▸ Try it
As the answer, set down the lines below from the one containing "(xy 140.955376 103.950088)" through the one containing "(xy 140.675236 104.170798)", exactly and inclusively, and no others.

[Stored data entries]
* * * * * * *

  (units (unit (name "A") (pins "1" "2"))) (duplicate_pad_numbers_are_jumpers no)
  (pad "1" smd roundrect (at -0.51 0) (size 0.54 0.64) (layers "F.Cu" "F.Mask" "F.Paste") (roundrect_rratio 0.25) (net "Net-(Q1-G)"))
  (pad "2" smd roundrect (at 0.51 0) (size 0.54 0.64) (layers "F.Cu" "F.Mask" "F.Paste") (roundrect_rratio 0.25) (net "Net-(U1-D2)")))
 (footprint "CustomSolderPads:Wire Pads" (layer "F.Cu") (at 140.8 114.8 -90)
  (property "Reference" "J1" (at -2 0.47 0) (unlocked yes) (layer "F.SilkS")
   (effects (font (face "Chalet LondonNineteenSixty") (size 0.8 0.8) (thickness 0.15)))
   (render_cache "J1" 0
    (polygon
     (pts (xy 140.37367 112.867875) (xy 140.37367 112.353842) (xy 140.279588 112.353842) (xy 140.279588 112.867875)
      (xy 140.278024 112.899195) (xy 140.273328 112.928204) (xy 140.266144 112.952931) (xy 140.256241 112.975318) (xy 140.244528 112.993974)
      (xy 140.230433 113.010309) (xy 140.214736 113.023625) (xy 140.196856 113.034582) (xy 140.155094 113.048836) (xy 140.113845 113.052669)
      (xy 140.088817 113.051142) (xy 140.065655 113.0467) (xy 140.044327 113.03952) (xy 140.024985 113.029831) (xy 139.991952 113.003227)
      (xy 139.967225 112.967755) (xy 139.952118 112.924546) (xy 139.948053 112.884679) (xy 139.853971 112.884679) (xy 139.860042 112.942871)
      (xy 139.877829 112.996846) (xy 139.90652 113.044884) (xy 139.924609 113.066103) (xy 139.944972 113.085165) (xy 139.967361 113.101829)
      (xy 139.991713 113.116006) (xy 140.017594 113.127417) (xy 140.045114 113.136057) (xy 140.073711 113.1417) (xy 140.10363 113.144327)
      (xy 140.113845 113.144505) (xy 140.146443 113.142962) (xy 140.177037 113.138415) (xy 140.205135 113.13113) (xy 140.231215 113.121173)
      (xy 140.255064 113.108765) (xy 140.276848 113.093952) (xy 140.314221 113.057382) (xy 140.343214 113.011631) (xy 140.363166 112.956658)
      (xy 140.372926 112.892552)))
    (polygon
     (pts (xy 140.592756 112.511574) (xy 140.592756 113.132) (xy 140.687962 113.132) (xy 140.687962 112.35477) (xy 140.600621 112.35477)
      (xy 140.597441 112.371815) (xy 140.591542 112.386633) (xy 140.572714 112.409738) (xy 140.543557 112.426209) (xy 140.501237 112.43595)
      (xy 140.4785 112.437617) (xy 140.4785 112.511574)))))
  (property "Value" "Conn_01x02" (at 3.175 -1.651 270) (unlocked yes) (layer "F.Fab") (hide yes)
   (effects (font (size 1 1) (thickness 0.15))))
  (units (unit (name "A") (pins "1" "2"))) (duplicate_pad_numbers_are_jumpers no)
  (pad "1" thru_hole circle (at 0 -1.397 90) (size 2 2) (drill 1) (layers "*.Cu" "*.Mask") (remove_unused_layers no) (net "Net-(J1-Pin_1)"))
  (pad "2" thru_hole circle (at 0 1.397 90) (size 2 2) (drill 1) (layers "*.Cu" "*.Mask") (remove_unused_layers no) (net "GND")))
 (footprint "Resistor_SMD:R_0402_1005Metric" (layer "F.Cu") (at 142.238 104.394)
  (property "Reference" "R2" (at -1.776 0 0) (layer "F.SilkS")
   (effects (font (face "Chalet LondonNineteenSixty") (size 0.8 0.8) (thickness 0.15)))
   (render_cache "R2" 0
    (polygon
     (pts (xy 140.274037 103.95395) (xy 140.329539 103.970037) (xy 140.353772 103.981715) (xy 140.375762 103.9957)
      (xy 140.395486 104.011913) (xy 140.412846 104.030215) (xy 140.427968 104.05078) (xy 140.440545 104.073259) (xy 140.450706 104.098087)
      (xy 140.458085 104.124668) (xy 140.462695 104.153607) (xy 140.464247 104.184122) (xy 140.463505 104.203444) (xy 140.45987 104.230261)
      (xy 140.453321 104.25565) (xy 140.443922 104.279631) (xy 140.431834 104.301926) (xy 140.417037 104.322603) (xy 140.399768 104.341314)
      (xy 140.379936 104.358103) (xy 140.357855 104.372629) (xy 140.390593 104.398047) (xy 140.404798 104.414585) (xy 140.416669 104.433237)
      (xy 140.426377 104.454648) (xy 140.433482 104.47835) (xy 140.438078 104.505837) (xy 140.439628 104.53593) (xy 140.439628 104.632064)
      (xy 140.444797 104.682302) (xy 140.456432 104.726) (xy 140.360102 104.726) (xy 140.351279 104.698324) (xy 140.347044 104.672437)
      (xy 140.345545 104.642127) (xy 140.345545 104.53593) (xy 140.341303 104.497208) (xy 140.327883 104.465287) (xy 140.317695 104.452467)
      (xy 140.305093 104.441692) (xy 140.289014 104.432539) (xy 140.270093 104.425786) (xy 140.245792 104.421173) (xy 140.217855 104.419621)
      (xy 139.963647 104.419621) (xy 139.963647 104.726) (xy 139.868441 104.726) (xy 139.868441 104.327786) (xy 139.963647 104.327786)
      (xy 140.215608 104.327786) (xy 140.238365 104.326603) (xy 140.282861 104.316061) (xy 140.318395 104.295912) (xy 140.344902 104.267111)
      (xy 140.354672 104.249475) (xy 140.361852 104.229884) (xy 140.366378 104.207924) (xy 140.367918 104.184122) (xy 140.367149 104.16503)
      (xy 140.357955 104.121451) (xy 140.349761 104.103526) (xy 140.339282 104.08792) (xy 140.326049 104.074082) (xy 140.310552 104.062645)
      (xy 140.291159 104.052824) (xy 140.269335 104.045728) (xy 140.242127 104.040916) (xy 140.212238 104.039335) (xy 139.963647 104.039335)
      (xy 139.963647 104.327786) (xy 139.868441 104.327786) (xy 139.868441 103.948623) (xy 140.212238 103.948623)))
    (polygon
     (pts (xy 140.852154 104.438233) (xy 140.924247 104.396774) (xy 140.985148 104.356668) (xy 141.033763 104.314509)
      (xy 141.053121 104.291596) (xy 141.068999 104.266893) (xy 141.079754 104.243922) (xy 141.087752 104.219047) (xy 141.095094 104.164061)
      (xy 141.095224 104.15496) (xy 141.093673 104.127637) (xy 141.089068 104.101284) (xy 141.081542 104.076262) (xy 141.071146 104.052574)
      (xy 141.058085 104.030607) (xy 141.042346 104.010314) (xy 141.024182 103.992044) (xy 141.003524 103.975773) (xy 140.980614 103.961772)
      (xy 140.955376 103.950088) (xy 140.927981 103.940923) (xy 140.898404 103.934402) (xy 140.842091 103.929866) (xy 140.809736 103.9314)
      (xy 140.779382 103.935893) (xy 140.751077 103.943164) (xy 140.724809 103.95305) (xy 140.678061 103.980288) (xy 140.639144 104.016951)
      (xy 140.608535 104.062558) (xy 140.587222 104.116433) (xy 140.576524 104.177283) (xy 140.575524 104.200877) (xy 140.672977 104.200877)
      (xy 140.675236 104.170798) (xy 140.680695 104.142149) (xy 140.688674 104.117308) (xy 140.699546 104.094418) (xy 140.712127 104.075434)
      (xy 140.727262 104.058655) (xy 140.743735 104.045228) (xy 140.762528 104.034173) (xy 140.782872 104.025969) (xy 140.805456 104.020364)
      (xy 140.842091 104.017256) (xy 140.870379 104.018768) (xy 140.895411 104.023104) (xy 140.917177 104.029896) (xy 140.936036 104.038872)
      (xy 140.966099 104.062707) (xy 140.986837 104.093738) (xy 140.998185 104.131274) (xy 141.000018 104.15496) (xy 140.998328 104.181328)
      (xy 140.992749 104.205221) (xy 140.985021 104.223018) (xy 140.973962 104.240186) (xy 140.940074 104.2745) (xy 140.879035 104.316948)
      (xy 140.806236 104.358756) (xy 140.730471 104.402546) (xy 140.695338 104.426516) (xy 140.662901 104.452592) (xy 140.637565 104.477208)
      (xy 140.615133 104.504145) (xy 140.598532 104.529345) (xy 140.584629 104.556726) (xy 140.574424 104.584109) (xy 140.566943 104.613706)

* * * * * * *

▸ Output for this exercise
      (xy 140.955376 103.950088) (xy 140.927981 103.940923) (xy 140.898404 103.934402) (xy 140.842091 103.929866) (xy 140.809736 103.9314)
      (xy 140.779382 103.935893) (xy 140.751077 103.943164) (xy 140.724809 103.95305) (xy 140.678061 103.980288) (xy 140.639144 104.016951)
      (xy 140.608535 104.062558) (xy 140.587222 104.116433) (xy 140.576524 104.177283) (xy 140.575524 104.200877) (xy 140.672977 104.200877)
      (xy 140.675236 104.170798) (xy 140.680695 104.142149) (xy 140.688674 104.117308) (xy 140.699546 104.094418) (xy 140.712127 104.075434)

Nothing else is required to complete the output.